Exercise aim —
Find the line containing "X6500000Y-24000000D02*" in the records below. Copy exactly that line and each one after it, ending at the line containing "X13298100Y-30600200D02*", and nothing more.
● ● ● ● ● ● ●
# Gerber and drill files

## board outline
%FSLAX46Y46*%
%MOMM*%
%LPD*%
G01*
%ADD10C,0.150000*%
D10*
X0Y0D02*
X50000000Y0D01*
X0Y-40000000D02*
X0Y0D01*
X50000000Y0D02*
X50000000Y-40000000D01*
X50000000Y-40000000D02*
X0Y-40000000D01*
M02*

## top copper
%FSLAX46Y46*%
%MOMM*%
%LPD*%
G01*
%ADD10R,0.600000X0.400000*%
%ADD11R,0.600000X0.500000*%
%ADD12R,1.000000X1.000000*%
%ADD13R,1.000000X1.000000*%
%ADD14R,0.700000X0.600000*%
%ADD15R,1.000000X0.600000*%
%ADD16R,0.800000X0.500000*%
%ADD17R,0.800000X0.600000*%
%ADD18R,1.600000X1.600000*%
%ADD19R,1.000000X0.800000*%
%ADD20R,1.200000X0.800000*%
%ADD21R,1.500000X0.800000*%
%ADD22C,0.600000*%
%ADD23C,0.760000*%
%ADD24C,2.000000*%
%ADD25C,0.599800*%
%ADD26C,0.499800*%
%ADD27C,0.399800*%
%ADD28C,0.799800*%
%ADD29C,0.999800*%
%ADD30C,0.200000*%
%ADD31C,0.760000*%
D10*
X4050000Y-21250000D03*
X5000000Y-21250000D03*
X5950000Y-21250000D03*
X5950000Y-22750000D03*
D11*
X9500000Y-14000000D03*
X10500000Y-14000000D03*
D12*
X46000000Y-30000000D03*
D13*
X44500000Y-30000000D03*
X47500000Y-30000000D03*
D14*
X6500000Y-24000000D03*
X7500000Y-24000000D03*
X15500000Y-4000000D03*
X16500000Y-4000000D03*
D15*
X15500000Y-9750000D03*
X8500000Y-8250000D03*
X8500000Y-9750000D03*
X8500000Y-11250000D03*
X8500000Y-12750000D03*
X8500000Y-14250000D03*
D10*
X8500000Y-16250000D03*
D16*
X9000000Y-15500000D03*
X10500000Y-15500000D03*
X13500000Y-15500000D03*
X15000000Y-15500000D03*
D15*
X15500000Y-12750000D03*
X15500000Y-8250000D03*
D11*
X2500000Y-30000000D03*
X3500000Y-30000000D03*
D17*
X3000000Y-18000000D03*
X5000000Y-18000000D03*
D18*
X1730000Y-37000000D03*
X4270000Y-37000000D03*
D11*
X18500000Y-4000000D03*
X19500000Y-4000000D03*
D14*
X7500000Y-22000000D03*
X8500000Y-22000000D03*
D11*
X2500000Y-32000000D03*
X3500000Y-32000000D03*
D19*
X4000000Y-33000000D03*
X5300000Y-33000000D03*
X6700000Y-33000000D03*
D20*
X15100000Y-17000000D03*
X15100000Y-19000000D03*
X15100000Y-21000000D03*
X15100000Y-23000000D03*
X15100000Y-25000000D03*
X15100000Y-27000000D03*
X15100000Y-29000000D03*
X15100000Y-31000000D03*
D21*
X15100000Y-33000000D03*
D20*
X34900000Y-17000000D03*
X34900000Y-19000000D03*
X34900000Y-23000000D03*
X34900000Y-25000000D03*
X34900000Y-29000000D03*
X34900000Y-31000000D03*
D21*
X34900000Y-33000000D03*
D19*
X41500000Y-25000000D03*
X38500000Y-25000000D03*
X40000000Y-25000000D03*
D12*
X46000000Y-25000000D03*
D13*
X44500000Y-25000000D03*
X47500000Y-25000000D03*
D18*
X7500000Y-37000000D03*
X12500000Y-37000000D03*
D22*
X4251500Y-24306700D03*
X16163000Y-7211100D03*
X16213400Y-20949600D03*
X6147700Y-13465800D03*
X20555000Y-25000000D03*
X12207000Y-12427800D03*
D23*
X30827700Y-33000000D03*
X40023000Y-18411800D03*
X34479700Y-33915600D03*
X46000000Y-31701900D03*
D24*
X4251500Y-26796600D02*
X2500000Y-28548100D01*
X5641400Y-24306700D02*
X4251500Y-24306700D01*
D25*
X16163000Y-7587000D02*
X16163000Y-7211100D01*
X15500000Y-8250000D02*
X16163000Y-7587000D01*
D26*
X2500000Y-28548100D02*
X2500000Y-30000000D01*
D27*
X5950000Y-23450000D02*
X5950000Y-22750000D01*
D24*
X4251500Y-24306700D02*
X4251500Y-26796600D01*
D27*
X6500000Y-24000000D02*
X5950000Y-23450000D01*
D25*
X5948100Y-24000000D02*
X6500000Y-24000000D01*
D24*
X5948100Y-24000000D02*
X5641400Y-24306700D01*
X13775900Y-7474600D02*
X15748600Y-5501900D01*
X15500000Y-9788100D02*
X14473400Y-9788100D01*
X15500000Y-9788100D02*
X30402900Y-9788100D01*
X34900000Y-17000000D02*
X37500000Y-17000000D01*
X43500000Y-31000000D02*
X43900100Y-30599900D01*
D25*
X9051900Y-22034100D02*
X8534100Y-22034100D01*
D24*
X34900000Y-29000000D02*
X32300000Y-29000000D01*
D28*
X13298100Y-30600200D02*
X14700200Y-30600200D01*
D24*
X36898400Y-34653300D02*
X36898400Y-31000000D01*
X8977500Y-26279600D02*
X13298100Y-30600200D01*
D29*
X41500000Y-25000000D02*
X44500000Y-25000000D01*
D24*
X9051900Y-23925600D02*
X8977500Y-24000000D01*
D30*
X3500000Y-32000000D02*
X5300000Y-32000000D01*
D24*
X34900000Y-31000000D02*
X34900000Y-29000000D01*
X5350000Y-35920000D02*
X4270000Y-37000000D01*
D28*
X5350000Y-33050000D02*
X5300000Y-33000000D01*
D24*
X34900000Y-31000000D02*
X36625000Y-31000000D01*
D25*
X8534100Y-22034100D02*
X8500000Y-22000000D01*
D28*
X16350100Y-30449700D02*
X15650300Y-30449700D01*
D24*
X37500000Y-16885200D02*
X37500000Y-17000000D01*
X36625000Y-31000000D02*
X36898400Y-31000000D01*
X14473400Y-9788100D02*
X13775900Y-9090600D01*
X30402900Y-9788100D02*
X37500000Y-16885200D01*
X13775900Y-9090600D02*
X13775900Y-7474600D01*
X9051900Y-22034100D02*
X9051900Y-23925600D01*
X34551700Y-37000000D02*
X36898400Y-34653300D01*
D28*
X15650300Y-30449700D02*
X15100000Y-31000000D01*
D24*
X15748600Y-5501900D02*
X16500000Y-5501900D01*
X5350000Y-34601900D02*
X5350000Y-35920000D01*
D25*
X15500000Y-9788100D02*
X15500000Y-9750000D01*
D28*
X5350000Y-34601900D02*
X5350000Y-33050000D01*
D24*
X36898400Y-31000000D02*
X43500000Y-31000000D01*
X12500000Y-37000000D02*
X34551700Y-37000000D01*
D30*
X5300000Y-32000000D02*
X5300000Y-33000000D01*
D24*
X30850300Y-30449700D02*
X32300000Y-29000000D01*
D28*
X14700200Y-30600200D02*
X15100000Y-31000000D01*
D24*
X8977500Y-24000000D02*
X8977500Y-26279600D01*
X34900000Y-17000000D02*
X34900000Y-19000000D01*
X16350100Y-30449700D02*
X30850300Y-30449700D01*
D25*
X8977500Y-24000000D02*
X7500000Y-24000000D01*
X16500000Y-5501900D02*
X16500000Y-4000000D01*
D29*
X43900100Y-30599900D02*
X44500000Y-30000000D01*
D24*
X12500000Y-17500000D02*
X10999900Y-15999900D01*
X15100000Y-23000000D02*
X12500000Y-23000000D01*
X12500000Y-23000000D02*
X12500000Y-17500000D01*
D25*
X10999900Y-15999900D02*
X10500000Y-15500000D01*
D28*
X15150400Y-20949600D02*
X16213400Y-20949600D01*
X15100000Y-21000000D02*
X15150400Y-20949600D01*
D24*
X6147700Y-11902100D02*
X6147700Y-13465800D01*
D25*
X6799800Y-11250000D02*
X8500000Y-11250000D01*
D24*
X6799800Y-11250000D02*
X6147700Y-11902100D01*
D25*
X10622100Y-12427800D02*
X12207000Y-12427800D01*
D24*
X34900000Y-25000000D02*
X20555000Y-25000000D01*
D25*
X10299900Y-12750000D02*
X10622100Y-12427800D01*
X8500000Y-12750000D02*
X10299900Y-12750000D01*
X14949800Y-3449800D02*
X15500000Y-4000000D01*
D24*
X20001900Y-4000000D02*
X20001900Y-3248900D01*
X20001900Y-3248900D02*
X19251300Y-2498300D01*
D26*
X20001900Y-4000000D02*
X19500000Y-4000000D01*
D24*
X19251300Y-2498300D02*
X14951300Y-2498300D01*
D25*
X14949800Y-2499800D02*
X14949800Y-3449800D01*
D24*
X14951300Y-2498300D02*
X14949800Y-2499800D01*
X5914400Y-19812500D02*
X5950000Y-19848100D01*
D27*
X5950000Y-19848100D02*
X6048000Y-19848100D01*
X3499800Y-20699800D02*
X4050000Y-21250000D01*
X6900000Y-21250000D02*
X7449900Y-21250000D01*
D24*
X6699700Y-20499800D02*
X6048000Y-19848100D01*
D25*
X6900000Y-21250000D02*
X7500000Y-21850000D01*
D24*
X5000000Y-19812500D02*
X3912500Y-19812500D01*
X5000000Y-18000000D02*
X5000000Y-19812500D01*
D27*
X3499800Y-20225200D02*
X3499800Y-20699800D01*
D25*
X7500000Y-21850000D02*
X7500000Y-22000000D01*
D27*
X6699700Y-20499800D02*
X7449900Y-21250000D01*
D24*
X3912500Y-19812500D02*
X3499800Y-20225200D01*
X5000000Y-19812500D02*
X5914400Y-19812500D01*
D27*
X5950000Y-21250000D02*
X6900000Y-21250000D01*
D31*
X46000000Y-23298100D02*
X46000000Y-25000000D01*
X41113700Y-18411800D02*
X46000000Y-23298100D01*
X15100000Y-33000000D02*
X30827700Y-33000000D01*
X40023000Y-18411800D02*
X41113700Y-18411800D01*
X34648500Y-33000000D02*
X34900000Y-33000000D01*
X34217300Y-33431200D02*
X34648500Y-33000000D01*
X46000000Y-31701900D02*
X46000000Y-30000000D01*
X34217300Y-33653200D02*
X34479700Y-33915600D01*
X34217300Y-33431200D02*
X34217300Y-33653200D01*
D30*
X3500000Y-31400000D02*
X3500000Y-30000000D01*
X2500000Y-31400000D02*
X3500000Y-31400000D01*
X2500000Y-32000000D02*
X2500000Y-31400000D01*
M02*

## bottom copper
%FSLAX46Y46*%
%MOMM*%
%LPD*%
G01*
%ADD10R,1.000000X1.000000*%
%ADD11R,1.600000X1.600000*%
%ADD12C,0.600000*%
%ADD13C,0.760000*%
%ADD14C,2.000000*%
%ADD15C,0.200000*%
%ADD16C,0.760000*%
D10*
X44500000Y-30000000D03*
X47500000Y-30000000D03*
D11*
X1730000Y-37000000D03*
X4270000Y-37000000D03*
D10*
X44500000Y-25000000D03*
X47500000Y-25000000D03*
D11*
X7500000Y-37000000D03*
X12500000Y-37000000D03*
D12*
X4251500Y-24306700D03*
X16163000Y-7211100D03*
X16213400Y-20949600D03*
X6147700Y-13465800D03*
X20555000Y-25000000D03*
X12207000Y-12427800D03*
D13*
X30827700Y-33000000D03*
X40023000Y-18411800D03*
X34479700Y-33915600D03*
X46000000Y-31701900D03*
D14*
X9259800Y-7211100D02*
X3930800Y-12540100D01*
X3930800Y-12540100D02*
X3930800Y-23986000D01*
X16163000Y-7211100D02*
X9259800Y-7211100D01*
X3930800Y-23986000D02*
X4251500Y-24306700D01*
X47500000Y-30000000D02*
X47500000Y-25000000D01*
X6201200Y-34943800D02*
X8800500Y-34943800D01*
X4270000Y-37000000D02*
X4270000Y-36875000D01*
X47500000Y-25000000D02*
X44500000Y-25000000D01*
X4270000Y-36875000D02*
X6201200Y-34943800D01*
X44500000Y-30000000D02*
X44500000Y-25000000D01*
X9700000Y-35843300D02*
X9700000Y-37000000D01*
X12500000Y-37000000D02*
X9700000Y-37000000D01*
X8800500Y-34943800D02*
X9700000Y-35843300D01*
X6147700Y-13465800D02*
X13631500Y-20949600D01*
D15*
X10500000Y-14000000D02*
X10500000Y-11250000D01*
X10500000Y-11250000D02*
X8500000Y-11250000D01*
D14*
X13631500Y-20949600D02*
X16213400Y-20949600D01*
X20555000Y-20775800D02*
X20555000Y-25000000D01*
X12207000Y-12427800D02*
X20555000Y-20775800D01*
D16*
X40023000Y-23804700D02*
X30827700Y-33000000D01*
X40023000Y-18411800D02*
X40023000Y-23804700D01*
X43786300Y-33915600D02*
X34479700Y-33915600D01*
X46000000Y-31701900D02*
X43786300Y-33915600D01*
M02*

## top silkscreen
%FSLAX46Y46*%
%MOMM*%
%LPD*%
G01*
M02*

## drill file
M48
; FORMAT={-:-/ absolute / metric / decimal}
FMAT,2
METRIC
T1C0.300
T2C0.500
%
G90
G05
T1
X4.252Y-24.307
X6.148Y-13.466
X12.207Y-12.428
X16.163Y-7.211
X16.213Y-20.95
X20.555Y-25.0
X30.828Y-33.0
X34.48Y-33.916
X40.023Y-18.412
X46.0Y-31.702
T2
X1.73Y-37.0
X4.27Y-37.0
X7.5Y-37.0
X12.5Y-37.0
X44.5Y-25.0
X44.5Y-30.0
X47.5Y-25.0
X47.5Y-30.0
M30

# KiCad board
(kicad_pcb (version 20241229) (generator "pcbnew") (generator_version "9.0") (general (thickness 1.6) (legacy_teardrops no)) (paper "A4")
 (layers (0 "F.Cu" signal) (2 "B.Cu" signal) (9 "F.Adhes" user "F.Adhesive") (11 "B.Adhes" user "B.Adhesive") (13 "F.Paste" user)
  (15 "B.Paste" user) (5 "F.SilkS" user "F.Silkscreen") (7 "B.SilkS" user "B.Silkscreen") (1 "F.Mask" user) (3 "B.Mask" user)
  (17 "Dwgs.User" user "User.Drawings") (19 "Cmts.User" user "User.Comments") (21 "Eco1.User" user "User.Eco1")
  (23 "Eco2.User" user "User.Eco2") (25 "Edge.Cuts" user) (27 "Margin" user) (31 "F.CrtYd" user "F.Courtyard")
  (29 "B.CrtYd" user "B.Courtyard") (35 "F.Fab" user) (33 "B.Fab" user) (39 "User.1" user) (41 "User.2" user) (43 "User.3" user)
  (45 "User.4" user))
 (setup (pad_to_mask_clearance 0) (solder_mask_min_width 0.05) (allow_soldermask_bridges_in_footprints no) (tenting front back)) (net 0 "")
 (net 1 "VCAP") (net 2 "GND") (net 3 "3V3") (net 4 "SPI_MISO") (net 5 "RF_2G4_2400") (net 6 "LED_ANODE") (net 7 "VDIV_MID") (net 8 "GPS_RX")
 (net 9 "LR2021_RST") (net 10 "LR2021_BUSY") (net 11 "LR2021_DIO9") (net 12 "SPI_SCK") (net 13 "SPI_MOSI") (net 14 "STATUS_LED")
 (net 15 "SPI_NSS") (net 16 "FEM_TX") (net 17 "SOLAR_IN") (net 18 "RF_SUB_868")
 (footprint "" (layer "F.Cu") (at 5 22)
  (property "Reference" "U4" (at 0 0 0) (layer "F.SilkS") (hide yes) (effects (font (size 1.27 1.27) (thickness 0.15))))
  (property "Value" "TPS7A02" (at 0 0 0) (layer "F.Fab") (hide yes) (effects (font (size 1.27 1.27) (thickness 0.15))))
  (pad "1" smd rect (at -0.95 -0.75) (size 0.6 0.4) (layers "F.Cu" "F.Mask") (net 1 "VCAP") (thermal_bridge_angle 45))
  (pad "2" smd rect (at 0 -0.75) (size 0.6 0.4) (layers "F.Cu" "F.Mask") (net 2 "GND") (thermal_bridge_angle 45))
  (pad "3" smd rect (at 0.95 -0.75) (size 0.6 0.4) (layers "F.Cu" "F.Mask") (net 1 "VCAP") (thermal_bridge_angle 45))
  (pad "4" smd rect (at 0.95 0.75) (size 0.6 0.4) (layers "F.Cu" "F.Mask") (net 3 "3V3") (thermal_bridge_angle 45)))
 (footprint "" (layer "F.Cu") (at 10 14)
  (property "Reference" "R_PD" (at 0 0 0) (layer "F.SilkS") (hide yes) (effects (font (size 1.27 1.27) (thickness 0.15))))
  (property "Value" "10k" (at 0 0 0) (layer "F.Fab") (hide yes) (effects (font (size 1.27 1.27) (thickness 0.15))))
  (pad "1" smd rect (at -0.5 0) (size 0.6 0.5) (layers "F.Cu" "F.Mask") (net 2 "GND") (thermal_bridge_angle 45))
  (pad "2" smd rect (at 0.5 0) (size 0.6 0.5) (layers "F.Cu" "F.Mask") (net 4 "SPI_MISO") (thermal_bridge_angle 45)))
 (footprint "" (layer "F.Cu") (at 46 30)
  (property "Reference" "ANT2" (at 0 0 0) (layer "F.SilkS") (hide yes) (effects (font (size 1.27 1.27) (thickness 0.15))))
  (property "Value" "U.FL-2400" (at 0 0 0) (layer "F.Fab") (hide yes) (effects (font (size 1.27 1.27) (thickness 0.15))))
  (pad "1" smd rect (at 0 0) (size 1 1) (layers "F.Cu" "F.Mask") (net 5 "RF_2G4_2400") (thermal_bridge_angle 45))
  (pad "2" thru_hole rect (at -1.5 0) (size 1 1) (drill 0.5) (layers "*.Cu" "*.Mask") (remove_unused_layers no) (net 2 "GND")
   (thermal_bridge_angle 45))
● ● ● ● ● ● ●
Response to the task —
X6500000Y-24000000D02*
X5950000Y-23450000D01*
D25*
X5948100Y-24000000D02*
X6500000Y-24000000D01*
D24*
X5948100Y-24000000D02*
X5641400Y-24306700D01*
X13775900Y-7474600D02*
X15748600Y-5501900D01*
X15500000Y-9788100D02*
X14473400Y-9788100D01*
X15500000Y-9788100D02*
X30402900Y-9788100D01*
X34900000Y-17000000D02*
X37500000Y-17000000D01*
X43500000Y-31000000D02*
X43900100Y-30599900D01*
D25*
X9051900Y-22034100D02*
X8534100Y-22034100D01*
D24*
X34900000Y-29000000D02*
X32300000Y-29000000D01*
D28*
X13298100Y-30600200D02*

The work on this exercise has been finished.